How to Regain your Sex Life After Childbirth

The effects of pregnancy and childbirth often leaves a woman physically and hormonally in need of rest. Carrying a child, giving him/her all your nutrients and physical protection for nine months may seem a natural process, and it is, but that doesn't mean the body is not effected. Creating another human being within your womb is magical, but 24/7 for nine months of your life every bit of your energy system, food sources and blood chemistry, your immunity system and mental stamina is devoted to one purpose. It makes sense that for the rest of that year, your body will need to restore itself.

The actual process of delivering a child is a major force of life requiring stamina, energy and force that drains every cell of your body. The hormones required to keep that process going until the work is done drains every system of the body as well. Having a baby is work. The delivery process can also require a lot of physical healing. The body may look healed from the outside very quickly, but the inside has a lot of healing and repair to complete also.

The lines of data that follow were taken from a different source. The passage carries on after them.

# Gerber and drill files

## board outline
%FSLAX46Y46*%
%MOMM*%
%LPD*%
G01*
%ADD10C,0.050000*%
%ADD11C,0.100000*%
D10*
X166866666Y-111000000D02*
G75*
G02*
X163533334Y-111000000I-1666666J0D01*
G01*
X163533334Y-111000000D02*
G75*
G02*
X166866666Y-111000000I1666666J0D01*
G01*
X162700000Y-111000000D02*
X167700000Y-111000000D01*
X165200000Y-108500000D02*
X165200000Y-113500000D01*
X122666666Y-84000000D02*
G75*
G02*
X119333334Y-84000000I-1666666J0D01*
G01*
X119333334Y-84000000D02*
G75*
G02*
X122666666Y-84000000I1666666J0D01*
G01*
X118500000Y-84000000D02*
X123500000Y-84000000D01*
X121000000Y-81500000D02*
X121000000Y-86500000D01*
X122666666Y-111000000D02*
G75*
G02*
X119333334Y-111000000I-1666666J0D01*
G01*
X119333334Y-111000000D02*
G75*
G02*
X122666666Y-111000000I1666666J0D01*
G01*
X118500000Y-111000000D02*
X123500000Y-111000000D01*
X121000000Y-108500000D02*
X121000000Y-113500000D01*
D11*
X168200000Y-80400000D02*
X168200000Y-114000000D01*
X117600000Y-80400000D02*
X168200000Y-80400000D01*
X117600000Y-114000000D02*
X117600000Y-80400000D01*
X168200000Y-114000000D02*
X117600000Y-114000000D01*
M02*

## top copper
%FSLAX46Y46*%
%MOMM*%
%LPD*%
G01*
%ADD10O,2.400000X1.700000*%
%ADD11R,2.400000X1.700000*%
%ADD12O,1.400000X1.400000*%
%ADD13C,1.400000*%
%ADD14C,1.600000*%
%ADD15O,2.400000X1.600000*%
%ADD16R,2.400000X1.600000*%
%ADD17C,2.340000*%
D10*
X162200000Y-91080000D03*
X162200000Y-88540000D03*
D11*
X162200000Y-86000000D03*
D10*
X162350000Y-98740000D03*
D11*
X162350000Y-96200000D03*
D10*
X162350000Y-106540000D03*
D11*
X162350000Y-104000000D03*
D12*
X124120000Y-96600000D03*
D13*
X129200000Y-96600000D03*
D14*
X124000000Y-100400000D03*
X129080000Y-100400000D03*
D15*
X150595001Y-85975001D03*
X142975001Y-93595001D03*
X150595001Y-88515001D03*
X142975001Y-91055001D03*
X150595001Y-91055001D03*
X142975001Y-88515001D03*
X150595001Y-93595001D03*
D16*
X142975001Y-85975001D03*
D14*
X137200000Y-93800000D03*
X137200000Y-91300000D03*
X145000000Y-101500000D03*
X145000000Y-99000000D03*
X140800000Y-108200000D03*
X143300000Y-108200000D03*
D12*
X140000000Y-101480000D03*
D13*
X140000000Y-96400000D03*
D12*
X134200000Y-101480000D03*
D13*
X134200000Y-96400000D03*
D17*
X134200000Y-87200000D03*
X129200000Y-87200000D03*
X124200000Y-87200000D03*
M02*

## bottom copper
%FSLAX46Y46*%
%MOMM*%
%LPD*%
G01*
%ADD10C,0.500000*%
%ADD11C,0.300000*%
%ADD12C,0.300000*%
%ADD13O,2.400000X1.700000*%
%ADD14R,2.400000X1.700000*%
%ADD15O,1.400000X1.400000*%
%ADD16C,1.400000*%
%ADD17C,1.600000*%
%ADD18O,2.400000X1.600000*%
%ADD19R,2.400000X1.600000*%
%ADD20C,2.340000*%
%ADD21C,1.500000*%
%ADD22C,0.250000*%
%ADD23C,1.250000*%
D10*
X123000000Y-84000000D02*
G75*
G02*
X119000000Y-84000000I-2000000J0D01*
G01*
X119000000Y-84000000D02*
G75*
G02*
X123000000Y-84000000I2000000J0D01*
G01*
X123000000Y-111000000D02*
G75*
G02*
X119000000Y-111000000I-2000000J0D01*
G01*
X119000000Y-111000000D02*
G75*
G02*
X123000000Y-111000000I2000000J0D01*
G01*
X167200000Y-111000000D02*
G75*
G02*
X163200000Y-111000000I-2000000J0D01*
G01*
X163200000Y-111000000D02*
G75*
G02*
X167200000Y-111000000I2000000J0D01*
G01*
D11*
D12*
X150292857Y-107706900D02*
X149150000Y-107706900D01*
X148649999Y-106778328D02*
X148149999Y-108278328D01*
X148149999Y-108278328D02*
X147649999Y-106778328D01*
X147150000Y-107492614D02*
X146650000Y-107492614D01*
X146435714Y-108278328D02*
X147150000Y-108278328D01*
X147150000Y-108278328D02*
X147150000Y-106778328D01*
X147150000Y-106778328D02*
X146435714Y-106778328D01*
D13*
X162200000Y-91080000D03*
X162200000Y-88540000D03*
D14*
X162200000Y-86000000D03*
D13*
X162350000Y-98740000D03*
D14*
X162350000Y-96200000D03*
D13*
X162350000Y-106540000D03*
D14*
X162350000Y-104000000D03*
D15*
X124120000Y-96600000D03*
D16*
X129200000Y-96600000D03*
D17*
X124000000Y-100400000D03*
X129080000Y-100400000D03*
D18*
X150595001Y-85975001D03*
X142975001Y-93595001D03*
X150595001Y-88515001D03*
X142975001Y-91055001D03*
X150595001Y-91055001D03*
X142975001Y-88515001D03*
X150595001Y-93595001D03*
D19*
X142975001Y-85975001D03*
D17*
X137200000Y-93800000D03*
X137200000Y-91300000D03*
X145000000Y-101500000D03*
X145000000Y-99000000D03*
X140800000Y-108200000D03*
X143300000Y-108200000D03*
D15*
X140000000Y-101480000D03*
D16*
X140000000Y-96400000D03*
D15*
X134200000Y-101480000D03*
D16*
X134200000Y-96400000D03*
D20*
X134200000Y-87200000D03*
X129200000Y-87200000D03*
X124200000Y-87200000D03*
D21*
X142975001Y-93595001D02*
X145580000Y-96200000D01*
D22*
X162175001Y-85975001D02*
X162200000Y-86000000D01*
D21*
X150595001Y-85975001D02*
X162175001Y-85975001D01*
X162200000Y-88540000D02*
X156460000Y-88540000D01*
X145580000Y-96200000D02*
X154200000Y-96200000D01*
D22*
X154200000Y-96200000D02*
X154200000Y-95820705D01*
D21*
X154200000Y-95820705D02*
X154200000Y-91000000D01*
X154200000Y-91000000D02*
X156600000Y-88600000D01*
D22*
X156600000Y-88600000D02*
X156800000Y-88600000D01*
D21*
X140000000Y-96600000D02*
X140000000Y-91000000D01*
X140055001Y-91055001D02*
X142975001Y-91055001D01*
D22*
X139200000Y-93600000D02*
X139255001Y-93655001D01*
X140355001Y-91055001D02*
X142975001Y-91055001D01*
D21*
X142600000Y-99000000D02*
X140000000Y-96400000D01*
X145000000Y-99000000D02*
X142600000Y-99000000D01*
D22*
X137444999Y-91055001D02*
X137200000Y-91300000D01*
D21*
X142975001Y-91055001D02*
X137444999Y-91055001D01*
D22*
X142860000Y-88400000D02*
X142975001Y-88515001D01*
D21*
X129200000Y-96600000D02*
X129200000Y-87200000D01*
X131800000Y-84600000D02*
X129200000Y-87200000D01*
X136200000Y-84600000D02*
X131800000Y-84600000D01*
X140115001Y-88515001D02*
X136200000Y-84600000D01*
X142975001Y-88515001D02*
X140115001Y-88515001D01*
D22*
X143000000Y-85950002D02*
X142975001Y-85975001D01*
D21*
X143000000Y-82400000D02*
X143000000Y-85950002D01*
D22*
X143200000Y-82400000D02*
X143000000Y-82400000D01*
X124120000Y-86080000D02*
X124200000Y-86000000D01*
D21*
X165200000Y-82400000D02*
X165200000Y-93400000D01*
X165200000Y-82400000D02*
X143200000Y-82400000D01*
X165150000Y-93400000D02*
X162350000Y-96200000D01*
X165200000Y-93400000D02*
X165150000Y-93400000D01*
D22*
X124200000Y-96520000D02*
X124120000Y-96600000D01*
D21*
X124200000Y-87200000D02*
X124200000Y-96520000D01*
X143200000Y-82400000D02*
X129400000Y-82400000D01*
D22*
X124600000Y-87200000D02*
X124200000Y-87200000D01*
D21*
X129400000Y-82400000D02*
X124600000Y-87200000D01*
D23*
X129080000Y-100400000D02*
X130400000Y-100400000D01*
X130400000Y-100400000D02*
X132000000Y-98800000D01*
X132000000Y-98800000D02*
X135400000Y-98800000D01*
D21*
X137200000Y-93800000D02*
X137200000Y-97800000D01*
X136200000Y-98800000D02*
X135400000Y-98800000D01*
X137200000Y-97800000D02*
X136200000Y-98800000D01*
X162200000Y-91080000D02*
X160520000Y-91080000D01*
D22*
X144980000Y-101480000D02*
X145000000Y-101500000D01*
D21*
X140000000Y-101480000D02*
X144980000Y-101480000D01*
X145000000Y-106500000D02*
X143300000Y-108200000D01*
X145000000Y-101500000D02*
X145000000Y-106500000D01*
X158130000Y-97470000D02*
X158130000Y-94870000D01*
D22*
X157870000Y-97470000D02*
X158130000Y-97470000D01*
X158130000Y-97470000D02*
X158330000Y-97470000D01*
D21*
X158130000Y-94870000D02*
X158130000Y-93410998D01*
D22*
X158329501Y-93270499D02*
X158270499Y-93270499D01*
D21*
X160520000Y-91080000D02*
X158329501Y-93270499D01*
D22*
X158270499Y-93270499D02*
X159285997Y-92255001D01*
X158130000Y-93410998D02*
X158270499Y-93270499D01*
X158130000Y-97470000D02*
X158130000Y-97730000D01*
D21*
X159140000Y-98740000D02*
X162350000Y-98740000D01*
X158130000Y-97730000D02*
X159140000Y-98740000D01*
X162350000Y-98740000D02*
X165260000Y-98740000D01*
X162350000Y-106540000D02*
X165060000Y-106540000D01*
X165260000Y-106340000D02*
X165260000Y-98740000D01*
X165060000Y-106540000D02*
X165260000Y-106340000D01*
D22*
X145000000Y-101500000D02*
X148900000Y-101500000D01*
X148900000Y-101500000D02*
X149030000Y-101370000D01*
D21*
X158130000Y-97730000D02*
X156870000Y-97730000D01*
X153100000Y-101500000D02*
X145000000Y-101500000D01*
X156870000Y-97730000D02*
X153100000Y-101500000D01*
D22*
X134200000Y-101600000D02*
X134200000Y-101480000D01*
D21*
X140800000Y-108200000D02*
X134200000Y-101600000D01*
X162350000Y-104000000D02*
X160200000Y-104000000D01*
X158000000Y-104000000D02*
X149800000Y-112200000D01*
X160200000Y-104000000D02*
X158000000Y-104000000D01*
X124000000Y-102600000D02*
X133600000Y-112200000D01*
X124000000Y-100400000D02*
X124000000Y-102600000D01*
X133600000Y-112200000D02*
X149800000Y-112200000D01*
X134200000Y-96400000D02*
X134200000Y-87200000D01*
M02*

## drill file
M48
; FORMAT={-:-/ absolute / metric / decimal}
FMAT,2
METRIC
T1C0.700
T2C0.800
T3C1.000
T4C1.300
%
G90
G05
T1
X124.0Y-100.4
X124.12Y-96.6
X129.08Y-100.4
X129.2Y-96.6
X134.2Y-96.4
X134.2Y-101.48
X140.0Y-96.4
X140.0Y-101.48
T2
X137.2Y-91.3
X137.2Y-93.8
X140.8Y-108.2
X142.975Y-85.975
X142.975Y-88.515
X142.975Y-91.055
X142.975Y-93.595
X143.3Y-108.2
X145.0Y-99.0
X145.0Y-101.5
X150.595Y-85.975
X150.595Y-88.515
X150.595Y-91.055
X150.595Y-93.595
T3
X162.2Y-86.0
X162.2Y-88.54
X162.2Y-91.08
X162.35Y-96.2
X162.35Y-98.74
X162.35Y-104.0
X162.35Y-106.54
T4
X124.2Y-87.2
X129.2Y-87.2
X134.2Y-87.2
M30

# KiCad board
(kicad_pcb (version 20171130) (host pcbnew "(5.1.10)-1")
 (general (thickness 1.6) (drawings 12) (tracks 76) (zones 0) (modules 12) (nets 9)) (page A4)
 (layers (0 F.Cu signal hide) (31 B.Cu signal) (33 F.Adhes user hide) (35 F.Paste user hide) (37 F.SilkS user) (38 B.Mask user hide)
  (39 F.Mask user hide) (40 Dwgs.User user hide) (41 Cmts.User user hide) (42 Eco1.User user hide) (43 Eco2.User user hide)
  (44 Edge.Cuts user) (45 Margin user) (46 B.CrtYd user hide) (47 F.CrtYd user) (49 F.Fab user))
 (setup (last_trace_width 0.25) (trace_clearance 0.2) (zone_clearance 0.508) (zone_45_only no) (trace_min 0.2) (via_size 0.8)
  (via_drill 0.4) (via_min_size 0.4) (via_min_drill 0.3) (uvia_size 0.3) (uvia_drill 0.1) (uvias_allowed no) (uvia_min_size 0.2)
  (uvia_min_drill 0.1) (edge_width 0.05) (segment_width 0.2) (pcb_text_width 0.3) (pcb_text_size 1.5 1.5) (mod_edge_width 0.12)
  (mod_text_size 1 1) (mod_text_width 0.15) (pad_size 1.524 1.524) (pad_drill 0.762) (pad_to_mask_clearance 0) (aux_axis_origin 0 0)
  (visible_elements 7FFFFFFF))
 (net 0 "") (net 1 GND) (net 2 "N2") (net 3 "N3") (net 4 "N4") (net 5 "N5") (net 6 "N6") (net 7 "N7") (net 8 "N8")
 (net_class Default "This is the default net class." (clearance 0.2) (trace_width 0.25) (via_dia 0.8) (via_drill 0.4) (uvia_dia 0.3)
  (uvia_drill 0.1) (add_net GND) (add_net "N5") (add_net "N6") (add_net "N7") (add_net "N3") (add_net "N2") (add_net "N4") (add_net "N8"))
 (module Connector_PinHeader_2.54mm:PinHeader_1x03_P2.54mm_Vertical (layer F.Cu) (at 162.2 86)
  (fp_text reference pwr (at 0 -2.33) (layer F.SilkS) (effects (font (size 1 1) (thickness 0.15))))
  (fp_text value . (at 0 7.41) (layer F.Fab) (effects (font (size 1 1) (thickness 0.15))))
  (pad 3 thru_hole oval (at 0 5.08) (size 2.4 1.7) (drill 1) (layers *.Cu *.Mask) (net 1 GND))
  (pad 2 thru_hole oval (at 0 2.54) (size 2.4 1.7) (drill 1) (layers *.Cu *.Mask))
  (pad 1 thru_hole rect (at 0 0) (size 2.4 1.7) (drill 1) (layers *.Cu *.Mask)))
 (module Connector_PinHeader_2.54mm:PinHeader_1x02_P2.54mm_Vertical (layer F.Cu) (at 162.35 96.2)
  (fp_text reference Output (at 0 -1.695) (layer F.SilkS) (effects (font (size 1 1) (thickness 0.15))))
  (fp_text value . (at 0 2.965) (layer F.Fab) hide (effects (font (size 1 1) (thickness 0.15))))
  (pad 2 thru_hole oval (at 0 2.54) (size 2.4 1.7) (drill 1) (layers *.Cu *.Mask) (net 1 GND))
  (pad 1 thru_hole rect (at 0 0) (size 2.4 1.7) (drill 1) (layers *.Cu *.Mask) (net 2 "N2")))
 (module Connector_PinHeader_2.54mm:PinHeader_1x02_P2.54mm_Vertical (layer F.Cu) (at 162.35 104)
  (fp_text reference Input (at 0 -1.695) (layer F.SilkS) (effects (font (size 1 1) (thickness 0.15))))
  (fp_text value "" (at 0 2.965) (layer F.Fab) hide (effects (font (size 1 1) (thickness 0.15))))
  (pad 2 thru_hole oval (at 0 2.54) (size 2.4 1.7) (drill 1) (layers *.Cu *.Mask) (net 1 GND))
  (pad 1 thru_hole rect (at 0 0) (size 2.4 1.7) (drill 1) (layers *.Cu *.Mask) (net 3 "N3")))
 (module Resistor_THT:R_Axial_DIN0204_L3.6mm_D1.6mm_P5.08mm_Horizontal (layer F.Cu) (at 129.2 96.6 180)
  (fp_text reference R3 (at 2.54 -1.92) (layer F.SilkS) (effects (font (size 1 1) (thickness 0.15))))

When a couple takes the newborn home, this small human being impacts the environment around him/her in ways you never thought possible. Constant concern, lack of sleep and many adjustments to scheduling and availability. There's no wonder mood changes, arguments and feelings of being overwhelm start to erode even the best of relationships. If a new mother is healing physically, hormonally and emotionally after six weeks, there is no need to be concerned. Once the body is ready, and the new couple adjusts to the parental routine, they will start to remember who they were when they first met. Feeling for each other will blossom once again if the couple has been understanding and patient with each other.

Sexual attraction is a dynamic force that can return all on its own in some relationships, but often it will take some consideration and effort to bring healing to wounded feelings. If the child's new father realizes that this baby has drained his woman of her life force in order to survive, he can actively help her renew her physical and emotional strength. Excellent healthy foods, fruits, salads and comfort foods like meat and potatoes with gravy show your affection and concern for her. She may object because she is worried about what you think about the changes to her body, but starving herself to try to lose her "baby weight" causes the body to store fat not use it.

Try just holding her, kissing and nuzzling without any expectation for sex. If after two-three months, she is still worried about having sex, make sure you take her to her OBS/GYN to get an okay from her doctor. He will have some valuable information to help her. Romancing isn't a one-time thing, keep finding ways to encourage the old feelings.

The only time to start introducing vibrators and sex toys is after she gives the green light go ahead physically. Start slowly or you will find the process going backward. Sex toys can be a lot of fun for couples once the new mothers' body is fully healed.